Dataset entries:
--------------------------------
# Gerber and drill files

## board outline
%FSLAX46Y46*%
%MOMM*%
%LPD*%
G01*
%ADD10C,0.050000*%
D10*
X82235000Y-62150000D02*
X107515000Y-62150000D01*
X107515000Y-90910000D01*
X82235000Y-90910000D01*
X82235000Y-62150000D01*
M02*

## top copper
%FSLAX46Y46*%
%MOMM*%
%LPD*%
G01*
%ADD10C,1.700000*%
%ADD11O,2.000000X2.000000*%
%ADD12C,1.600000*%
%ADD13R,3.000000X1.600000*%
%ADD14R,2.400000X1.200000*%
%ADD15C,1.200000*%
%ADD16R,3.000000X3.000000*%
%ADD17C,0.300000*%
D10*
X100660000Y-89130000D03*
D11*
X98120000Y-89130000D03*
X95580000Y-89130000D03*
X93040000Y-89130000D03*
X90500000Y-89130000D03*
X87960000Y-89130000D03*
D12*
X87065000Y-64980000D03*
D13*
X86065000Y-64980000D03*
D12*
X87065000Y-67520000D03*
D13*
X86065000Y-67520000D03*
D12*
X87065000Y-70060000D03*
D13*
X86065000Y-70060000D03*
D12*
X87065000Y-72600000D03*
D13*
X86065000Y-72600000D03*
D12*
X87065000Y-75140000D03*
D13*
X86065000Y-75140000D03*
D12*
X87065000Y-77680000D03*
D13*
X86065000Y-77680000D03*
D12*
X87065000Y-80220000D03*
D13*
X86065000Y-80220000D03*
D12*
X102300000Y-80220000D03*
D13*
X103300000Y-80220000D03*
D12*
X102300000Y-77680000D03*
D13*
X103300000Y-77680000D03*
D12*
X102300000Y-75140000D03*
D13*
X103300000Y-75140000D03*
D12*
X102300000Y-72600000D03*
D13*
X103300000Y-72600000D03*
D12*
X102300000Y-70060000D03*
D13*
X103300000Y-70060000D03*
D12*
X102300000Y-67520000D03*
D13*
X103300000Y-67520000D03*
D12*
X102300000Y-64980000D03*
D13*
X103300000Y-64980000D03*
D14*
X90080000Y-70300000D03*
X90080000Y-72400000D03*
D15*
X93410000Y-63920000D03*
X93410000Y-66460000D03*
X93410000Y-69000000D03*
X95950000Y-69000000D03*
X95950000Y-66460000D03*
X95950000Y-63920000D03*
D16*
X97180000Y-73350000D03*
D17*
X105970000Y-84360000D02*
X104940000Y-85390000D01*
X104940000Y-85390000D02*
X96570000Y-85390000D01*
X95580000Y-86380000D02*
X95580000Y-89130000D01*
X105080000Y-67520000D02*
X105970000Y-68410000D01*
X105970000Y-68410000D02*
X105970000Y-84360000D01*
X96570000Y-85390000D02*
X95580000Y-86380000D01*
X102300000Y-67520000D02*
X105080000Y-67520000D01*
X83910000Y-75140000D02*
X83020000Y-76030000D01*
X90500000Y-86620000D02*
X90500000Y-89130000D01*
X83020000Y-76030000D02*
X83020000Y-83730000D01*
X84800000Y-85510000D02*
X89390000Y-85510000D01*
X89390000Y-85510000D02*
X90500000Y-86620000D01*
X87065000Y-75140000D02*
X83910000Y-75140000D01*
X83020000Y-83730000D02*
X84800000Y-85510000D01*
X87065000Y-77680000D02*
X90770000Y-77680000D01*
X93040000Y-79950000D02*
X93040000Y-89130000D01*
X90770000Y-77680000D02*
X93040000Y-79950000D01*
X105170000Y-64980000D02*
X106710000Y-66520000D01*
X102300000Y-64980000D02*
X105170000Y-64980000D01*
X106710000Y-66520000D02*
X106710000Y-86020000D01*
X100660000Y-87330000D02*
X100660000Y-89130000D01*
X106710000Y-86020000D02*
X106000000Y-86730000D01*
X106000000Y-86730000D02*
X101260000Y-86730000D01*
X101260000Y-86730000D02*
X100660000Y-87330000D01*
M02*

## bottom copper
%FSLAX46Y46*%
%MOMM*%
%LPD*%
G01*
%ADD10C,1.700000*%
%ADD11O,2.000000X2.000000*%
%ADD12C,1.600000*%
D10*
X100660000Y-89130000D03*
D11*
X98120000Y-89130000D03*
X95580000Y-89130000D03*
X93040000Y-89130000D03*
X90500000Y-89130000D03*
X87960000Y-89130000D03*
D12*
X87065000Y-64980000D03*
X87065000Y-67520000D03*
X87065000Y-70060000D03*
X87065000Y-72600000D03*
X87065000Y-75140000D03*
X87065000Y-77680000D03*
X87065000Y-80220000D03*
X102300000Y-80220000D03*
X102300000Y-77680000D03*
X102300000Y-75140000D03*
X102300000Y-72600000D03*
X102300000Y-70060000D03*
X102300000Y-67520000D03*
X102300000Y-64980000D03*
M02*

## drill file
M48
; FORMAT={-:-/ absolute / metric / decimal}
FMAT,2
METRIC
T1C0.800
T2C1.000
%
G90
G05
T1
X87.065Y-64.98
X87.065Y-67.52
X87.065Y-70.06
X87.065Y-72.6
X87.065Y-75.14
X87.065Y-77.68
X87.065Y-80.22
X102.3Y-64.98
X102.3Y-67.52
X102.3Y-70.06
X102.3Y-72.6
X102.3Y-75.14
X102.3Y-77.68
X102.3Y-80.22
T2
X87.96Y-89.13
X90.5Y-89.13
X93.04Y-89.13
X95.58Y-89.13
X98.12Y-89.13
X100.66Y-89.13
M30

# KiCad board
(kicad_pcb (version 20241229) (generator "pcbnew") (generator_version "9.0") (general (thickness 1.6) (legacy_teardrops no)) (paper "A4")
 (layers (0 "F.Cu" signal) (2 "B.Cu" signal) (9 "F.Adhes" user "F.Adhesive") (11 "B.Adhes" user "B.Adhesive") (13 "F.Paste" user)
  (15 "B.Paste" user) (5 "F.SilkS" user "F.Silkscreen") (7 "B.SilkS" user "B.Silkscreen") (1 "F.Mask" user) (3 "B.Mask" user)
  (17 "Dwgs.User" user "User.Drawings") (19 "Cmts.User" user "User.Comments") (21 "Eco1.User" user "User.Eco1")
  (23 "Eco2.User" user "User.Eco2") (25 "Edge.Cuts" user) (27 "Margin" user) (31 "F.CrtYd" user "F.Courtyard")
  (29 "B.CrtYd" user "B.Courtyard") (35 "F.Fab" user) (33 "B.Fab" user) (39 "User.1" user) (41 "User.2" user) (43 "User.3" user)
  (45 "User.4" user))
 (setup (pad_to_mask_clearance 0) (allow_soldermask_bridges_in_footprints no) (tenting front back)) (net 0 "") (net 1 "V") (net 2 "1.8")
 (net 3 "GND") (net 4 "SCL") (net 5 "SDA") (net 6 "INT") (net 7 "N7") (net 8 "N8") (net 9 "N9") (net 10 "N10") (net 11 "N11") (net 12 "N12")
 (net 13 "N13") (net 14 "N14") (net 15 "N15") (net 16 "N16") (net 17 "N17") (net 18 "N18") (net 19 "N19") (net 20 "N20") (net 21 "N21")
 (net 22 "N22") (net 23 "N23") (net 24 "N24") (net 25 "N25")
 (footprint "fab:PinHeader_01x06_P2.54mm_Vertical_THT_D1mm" (layer "F.Cu") (at 100.66 89.13 -90)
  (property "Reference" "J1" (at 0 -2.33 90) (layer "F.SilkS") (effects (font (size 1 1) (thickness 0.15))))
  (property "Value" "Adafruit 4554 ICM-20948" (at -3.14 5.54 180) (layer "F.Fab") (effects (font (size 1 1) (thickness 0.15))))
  (pad "1" thru_hole circle (at 0 0 270) (size 1.7 1.7) (drill 1) (layers "*.Cu" "*.Mask") (remove_unused_layers no) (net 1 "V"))
  (pad "2" thru_hole oval (at 0 2.54 270) (size 2 2) (drill 1) (layers "*.Cu" "*.Mask") (remove_unused_layers no) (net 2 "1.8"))
  (pad "3" thru_hole oval (at 0 5.08 270) (size 2 2) (drill 1) (layers "*.Cu" "*.Mask") (remove_unused_layers no) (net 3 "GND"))
  (pad "4" thru_hole oval (at 0 7.62 270) (size 2 2) (drill 1) (layers "*.Cu" "*.Mask") (remove_unused_layers no) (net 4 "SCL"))
  (pad "5" thru_hole oval (at 0 10.16 270) (size 2 2) (drill 1) (layers "*.Cu" "*.Mask") (remove_unused_layers no) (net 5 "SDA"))
  (pad "6" thru_hole oval (at 0 12.7 270) (size 2 2) (drill 1) (layers "*.Cu" "*.Mask") (remove_unused_layers no) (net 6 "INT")))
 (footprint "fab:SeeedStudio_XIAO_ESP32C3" (layer "F.Cu") (at 94.68 72.6)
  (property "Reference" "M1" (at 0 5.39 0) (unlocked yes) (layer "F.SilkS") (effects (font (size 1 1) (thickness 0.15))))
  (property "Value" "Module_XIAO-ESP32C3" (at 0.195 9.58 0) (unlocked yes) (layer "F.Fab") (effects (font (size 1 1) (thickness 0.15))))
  (pad "1" thru_hole circle (at -7.615 -7.62) (size 1.6 1.6) (drill 0.8) (layers "*.Cu" "*.Mask") (remove_unused_layers no) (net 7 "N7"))
  (pad "1" smd rect (at -7.615 -7.62) (size 3 1.6) (drill (offset -1 0)) (layers "F.Cu" "F.Mask" "F.Paste") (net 7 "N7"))
  (pad "2" thru_hole circle (at -7.615 -5.08) (size 1.6 1.6) (drill 0.8) (layers "*.Cu" "*.Mask") (remove_unused_layers no) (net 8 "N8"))
  (pad "2" smd rect (at -7.615 -5.08) (size 3 1.6) (drill (offset -1 0)) (layers "F.Cu" "F.Mask" "F.Paste") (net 8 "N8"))
  (pad "3" thru_hole circle (at -7.615 -2.54) (size 1.6 1.6) (drill 0.8) (layers "*.Cu" "*.Mask") (remove_unused_layers no) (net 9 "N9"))
  (pad "3" smd rect (at -7.615 -2.54) (size 3 1.6) (drill (offset -1 0)) (layers "F.Cu" "F.Mask" "F.Paste") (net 9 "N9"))
  (pad "4" thru_hole circle (at -7.615 0) (size 1.6 1.6) (drill 0.8) (layers "*.Cu" "*.Mask") (remove_unused_layers no) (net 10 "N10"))
  (pad "4" smd rect (at -7.615 0) (size 3 1.6) (drill (offset -1 0)) (layers "F.Cu" "F.Mask" "F.Paste") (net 10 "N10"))
  (pad "5" thru_hole circle (at -7.615 2.54) (size 1.6 1.6) (drill 0.8) (layers "*.Cu" "*.Mask") (remove_unused_layers no) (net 5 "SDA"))
  (pad "5" smd rect (at -7.615 2.54) (size 3 1.6) (drill (offset -1 0)) (layers "F.Cu" "F.Mask" "F.Paste") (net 5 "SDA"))
  (pad "6" thru_hole circle (at -7.615 5.08) (size 1.6 1.6) (drill 0.8) (layers "*.Cu" "*.Mask") (remove_unused_layers no) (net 4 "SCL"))
  (pad "6" smd rect (at -7.615 5.08) (size 3 1.6) (drill (offset -1 0)) (layers "F.Cu" "F.Mask" "F.Paste") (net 4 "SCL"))
  (pad "7" thru_hole circle (at -7.615 7.62) (size 1.6 1.6) (drill 0.8) (layers "*.Cu" "*.Mask") (remove_unused_layers no) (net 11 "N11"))
  (pad "7" smd rect (at -7.615 7.62) (size 3 1.6) (drill (offset -1 0)) (layers "F.Cu" "F.Mask" "F.Paste") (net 11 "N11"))
  (pad "8" thru_hole circle (at 7.62 7.62) (size 1.6 1.6) (drill 0.8) (layers "*.Cu" "*.Mask") (remove_unused_layers no) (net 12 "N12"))
  (pad "8" smd rect (at 7.62 7.62) (size 3 1.6) (drill (offset 1 0)) (layers "F.Cu" "F.Mask" "F.Paste") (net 12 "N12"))
  (pad "9" thru_hole circle (at 7.62 5.08) (size 1.6 1.6) (drill 0.8) (layers "*.Cu" "*.Mask") (remove_unused_layers no) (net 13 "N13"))
  (pad "9" smd rect (at 7.62 5.08) (size 3 1.6) (drill (offset 1 0)) (layers "F.Cu" "F.Mask" "F.Paste") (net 13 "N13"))
  (pad "10" thru_hole circle (at 7.62 2.54) (size 1.6 1.6) (drill 0.8) (layers "*.Cu" "*.Mask") (remove_unused_layers no) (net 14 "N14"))
  (pad "10" smd rect (at 7.62 2.54) (size 3 1.6) (drill (offset 1 0)) (layers "F.Cu" "F.Mask" "F.Paste") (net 14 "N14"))
  (pad "11" thru_hole circle (at 7.62 0) (size 1.6 1.6) (drill 0.8) (layers "*.Cu" "*.Mask") (remove_unused_layers no) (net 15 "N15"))
  (pad "11" smd rect (at 7.62 0) (size 3 1.6) (drill (offset 1 0)) (layers "F.Cu" "F.Mask" "F.Paste") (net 15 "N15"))
  (pad "12" thru_hole circle (at 7.62 -2.54) (size 1.6 1.6) (drill 0.8) (layers "*.Cu" "*.Mask") (remove_unused_layers no) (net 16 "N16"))
  (pad "12" smd rect (at 7.62 -2.54) (size 3 1.6) (drill (offset 1 0)) (layers "F.Cu" "F.Mask" "F.Paste") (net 16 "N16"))
  (pad "13" thru_hole circle (at 7.62 -5.08) (size 1.6 1.6) (drill 0.8) (layers "*.Cu" "*.Mask") (remove_unused_layers no) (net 3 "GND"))
  (pad "13" smd rect (at 7.62 -5.08) (size 3 1.6) (drill (offset 1 0)) (layers "F.Cu" "F.Mask" "F.Paste") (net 3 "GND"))
  (pad "14" thru_hole circle (at 7.62 -7.62) (size 1.6 1.6) (drill 0.8) (layers "*.Cu" "*.Mask") (remove_unused_layers no) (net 1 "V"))
  (pad "14" smd rect (at 7.62 -7.62) (size 3 1.6) (drill (offset 1 0)) (layers "F.Cu" "F.Mask" "F.Paste") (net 1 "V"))
  (pad "15" smd rect (at -4.6 -2.3) (size 2.4 1.2) (layers "F.Cu" "F.Mask" "F.Paste") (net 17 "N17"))
  (pad "16" smd rect (at -4.6 -0.2) (size 2.4 1.2) (layers "F.Cu" "F.Mask" "F.Paste") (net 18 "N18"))
  (pad "17" smd circle (at -1.27 -8.68) (size 1.2 1.2) (layers "F.Cu" "F.Mask" "F.Paste") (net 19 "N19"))
  (pad "18" smd circle (at -1.27 -6.14) (size 1.2 1.2) (layers "F.Cu" "F.Mask" "F.Paste") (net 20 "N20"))
  (pad "19" smd circle (at -1.27 -3.6) (size 1.2 1.2) (layers "F.Cu" "F.Mask" "F.Paste") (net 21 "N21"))
  (pad "20" smd circle (at 1.27 -3.6) (size 1.2 1.2) (layers "F.Cu" "F.Mask" "F.Paste") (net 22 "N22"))
  (pad "21" smd circle (at 1.27 -6.14) (size 1.2 1.2) (layers "F.Cu" "F.Mask" "F.Paste") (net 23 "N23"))
  (pad "22" smd circle (at 1.27 -8.68) (size 1.2 1.2) (layers "F.Cu" "F.Mask" "F.Paste") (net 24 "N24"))
  (pad "23" smd rect (at 2.5 0.75) (size 3 3) (layers "F.Cu" "F.Mask" "F.Paste") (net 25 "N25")))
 (gr_rect (start 82.235 62.15) (end 107.515 90.91) (stroke (width 0.05) (type default)) (fill no) (layer "Edge.Cuts"))
 (segment (start 105.97 84.36) (end 104.94 85.39) (width 0.3) (layer "F.Cu") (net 3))
 (segment (start 104.94 85.39) (end 96.57 85.39) (width 0.3) (layer "F.Cu") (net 3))
 (segment (start 95.58 86.38) (end 95.58 89.13) (width 0.3) (layer "F.Cu") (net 3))
 (segment (start 105.08 67.52) (end 105.97 68.41) (width 0.3) (layer "F.Cu") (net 3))
 (segment (start 105.97 68.41) (end 105.97 84.36) (width 0.3) (layer "F.Cu") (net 3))
 (segment (start 96.57 85.39) (end 95.58 86.38) (width 0.3) (layer "F.Cu") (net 3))
 (segment (start 102.3 67.52) (end 105.08 67.52) (width 0.3) (layer "F.Cu") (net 3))
 (segment (start 83.91 75.14) (end 83.02 76.03) (width 0.3) (layer "F.Cu") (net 5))
 (segment (start 90.5 86.62) (end 90.5 89.13) (width 0.3) (layer "F.Cu") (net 5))
 (segment (start 83.02 76.03) (end 83.02 83.73) (width 0.3) (layer "F.Cu") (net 5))
 (segment (start 84.8 85.51) (end 89.39 85.51) (width 0.3) (layer "F.Cu") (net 5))
 (segment (start 89.39 85.51) (end 90.5 86.62) (width 0.3) (layer "F.Cu") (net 5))
 (segment (start 87.065 75.14) (end 83.91 75.14) (width 0.3) (layer "F.Cu") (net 5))
 (segment (start 83.02 83.73) (end 84.8 85.51) (width 0.3) (layer "F.Cu") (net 5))
 (segment (start 87.065 77.68) (end 90.77 77.68) (width 0.3) (layer "F.Cu") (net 4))
 (segment (start 93.04 79.95) (end 93.04 89.13) (width 0.3) (layer "F.Cu") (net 4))
 (segment (start 90.77 77.68) (end 93.04 79.95) (width 0.3) (layer "F.Cu") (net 4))
 (segment (start 105.17 64.98) (end 106.71 66.52) (width 0.3) (layer "F.Cu") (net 1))
 (segment (start 102.3 64.98) (end 105.17 64.98) (width 0.3) (layer "F.Cu") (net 1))
 (segment (start 106.71 66.52) (end 106.71 86.02) (width 0.3) (layer "F.Cu") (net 1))
 (segment (start 100.66 87.33) (end 100.66 89.13) (width 0.3) (layer "F.Cu") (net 1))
--------------------------------
What to do: All that is needed is how many lines of the data contain "Courtyard", stated as a number.

Result: 2